Background

Pseudomonas aeruginosa infection is the leading cause of death for Cystic Fibrosis patients. Antibiotic resistance is rife, possibly due to high colonising population diversity. Our lab has replicated phenotypic diversification in a P. aeruginosa PAO1 biofilm model of lung infection. To reveal underlying genetic variants, we deep-sequenced PAO1 biofilm samples. Our analysis demonstrates several techniques for extracting meaningful biological information from error-prone sequencing data.

Materials and methods

DNA was extracted from PAO1 biofilm samples harvested after four and 11 days of growth, and Illumina sequenced to >1000x coverage. Sequencing was also simulated from computer generated PAO1 haplotypes with our program GemSIM. GemSIM uses real data (e.g., the PhiX control) to generate run-specific error models, facilitating realistic simulation. After optimisation, the program VarScan {Koboldt, 2009 #48} accurately detected SNPs in simulated data with frequencies down to 5%. VarScan was then used to identify SNPs with frequency >=5% in the biofilm data.

In high diversity regions, haplotypes were reconstructed using bayesian statistical techniques implemented in the program ShoRAH {Zagordi, 2010 #49}, and validated through analysis of individual reads. (ShoRAH’s error-correction algorithm can accurately identify variants in high diversity areas with frequencies down to 0.1%.)

Results and conclusions

Surprisingly, the PAO1 genome contained only two SNPs, with frequencies around 10%. Both were within a large hypothetical outer-membrane protein postulated to be involved in biofilm formation and antibiotic resistance. Both SNPs were silent; however converted rare codons to more common ones, potentially increasing expression. These SNPs may reflect early biofilm lifestyle adaptation.

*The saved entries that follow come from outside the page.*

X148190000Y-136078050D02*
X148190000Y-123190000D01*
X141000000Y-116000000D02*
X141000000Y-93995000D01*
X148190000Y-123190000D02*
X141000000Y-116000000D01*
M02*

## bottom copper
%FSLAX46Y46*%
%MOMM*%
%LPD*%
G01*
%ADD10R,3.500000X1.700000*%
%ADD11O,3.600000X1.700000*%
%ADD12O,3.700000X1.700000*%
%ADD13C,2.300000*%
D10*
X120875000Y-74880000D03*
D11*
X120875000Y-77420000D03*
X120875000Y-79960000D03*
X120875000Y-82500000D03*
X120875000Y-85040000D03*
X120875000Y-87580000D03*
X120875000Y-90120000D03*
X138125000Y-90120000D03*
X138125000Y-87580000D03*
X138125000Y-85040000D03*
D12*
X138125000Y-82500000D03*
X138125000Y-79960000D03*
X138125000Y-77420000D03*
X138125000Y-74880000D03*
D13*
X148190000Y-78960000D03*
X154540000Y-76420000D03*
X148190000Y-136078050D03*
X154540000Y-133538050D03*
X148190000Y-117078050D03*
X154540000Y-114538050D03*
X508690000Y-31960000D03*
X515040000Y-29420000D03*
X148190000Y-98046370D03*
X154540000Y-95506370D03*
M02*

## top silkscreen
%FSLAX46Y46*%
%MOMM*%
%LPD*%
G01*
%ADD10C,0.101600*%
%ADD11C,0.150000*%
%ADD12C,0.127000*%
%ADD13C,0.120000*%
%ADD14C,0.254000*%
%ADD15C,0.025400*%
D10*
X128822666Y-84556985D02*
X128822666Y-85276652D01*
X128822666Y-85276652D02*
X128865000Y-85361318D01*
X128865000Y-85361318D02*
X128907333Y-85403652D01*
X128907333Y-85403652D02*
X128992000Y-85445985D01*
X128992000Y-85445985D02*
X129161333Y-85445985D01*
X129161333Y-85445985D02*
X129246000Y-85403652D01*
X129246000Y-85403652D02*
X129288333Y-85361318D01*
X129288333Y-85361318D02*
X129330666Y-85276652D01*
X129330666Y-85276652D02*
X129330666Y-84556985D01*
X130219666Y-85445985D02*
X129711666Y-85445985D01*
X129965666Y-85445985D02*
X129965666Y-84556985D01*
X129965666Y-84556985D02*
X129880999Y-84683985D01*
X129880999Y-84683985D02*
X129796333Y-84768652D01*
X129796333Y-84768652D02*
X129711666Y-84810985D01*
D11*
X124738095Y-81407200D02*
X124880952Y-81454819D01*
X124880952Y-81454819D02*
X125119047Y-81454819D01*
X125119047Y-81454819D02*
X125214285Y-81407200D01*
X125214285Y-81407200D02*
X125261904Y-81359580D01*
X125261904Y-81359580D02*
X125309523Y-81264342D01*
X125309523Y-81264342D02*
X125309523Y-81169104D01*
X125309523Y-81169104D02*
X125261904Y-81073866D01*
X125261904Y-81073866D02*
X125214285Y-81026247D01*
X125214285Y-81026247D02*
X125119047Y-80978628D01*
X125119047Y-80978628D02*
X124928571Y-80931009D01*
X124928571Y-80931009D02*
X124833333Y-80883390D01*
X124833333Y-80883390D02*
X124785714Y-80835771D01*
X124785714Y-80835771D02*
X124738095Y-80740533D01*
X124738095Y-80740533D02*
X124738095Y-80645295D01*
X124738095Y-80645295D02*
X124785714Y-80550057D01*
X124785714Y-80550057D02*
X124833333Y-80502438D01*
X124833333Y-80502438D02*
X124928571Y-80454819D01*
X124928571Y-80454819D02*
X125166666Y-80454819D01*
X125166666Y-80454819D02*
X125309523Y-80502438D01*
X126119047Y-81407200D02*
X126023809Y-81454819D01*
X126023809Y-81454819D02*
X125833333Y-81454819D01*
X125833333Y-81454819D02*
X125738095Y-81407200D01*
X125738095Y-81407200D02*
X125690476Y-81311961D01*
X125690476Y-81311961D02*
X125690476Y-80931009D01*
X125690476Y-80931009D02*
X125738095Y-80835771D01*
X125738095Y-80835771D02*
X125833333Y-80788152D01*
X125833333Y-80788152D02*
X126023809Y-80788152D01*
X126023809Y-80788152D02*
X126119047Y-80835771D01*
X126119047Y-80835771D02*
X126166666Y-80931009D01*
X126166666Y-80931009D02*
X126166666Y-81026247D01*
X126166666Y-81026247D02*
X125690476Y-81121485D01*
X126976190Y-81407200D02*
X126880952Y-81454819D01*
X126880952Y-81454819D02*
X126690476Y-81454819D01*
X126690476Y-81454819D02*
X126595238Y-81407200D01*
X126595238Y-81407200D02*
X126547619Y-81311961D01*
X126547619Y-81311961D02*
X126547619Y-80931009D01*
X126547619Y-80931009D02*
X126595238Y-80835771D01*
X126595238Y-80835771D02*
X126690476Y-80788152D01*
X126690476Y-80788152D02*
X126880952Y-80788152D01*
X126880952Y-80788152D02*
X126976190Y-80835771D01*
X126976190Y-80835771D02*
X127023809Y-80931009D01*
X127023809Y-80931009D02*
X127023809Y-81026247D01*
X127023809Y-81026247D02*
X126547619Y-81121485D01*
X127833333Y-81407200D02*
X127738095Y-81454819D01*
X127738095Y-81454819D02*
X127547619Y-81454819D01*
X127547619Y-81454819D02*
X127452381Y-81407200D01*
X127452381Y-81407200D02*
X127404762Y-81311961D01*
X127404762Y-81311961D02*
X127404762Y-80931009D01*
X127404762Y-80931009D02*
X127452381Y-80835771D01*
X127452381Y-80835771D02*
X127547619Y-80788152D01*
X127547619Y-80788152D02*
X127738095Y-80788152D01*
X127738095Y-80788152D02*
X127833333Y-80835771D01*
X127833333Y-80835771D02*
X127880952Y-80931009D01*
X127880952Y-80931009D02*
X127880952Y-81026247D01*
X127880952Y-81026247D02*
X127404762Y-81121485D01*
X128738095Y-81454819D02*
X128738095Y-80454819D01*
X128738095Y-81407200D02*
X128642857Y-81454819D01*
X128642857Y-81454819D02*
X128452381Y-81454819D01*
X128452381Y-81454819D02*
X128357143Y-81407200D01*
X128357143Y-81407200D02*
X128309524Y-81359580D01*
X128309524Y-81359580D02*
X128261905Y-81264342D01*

In contrast to the negligible genetic diversity of PAO1, its associated bacteriophage Pf4 revealed ongoing diversification, characterised by an increase in Shannon’s entropy between days four and 11 and an explosion in phage population size. All phage SNPs were within or upstream from the putative Repressor C gene. This gene is implicated in Pf4 superinfectivity, which results in loss of host resistance and conversion from a lysogenic form to a lethal, lytic lifecycle.

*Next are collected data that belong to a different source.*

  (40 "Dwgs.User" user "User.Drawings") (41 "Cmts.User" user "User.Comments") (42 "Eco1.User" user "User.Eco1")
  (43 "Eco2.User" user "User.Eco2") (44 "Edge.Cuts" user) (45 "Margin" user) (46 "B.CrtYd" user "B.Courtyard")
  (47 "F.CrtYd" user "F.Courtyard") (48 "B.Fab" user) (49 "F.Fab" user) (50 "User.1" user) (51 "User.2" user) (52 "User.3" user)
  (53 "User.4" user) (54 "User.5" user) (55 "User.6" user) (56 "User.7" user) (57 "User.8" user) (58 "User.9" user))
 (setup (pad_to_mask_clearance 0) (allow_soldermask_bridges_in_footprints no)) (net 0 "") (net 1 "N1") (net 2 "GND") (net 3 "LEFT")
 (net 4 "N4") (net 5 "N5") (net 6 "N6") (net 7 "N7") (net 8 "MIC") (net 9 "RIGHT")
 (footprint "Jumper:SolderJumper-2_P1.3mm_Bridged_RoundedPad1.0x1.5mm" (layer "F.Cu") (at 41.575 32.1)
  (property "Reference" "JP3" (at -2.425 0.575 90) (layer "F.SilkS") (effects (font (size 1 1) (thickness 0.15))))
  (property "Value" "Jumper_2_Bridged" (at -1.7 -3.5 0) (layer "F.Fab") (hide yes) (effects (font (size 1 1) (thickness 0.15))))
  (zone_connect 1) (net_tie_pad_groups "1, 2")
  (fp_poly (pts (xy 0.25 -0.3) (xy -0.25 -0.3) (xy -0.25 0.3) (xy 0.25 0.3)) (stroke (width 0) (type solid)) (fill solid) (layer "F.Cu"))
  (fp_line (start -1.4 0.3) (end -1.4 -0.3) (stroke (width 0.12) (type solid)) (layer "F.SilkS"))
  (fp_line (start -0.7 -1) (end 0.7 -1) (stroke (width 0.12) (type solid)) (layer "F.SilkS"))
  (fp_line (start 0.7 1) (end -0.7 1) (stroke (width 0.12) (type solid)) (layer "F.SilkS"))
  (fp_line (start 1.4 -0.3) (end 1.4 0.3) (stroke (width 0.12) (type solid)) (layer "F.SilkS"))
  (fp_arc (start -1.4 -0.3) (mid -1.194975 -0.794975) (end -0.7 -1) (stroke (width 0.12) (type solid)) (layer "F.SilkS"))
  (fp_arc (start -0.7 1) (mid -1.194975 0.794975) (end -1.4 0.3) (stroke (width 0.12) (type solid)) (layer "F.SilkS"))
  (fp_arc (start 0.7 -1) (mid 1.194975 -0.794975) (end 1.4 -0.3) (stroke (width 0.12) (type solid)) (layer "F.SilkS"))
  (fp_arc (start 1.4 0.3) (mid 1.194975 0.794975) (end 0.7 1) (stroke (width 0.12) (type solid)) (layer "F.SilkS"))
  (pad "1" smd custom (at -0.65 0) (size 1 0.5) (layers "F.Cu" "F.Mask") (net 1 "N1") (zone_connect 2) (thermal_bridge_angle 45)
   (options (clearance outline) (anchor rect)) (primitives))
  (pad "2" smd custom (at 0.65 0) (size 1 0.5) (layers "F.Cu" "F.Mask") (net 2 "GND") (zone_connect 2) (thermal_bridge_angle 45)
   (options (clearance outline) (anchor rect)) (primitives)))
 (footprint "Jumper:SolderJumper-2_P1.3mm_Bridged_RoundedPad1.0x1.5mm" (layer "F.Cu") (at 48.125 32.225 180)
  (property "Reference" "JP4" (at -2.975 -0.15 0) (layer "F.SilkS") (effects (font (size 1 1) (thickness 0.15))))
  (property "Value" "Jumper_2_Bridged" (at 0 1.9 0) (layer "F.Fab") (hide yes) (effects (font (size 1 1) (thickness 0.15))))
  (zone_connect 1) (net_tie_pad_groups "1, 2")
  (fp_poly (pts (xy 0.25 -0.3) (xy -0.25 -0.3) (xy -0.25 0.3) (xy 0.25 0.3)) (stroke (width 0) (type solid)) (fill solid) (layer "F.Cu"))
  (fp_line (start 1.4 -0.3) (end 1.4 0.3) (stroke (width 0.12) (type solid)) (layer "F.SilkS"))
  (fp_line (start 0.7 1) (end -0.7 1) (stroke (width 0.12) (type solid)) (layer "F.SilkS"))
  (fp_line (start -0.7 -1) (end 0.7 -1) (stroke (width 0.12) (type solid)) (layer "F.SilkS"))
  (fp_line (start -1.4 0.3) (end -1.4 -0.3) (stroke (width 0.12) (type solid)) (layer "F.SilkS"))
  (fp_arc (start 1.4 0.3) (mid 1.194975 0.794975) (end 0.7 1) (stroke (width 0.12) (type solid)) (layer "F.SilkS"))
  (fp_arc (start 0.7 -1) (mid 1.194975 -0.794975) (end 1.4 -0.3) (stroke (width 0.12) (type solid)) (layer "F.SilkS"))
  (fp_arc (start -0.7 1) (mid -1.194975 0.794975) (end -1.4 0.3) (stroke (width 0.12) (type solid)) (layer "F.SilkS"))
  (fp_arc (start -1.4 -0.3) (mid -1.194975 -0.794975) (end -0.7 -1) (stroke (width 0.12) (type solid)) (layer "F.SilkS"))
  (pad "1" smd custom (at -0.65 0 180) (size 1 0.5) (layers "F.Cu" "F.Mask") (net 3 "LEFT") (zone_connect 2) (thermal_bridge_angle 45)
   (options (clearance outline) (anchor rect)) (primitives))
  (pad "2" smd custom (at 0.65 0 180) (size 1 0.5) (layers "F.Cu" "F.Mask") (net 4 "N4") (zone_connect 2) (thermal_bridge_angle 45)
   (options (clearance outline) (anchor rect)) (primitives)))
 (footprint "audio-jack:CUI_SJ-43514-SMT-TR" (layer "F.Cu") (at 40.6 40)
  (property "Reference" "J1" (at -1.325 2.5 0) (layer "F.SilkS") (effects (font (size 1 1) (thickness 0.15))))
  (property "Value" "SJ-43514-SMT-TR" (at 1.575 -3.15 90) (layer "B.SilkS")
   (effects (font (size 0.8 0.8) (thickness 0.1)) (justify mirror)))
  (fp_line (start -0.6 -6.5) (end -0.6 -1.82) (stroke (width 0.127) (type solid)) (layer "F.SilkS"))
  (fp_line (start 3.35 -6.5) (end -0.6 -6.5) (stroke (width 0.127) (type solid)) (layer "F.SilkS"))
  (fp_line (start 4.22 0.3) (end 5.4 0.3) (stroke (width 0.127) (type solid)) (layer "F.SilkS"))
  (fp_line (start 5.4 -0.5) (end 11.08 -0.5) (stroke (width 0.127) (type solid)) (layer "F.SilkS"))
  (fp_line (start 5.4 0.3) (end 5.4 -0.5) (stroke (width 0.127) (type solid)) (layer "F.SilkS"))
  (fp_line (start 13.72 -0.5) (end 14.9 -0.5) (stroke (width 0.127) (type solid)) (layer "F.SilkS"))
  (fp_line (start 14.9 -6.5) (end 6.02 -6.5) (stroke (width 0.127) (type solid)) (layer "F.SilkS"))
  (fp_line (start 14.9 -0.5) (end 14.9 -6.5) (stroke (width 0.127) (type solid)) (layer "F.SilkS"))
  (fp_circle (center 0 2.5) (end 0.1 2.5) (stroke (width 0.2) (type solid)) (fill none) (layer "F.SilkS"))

In total, nine Pf4 haplotypes with frequencies > 1% emerged by day 11, while the original haplotype dropped to 9% (Fig. 1). These results suggest superinfective phage haplotype emergence drives diversification within PAO1 biofilms.

Figure 1
figure 1

Relative phage haplotype frequencies in PAO1 samples, (A) planktonic, (B) biofilm 4 days, (C) biofilm 11 days.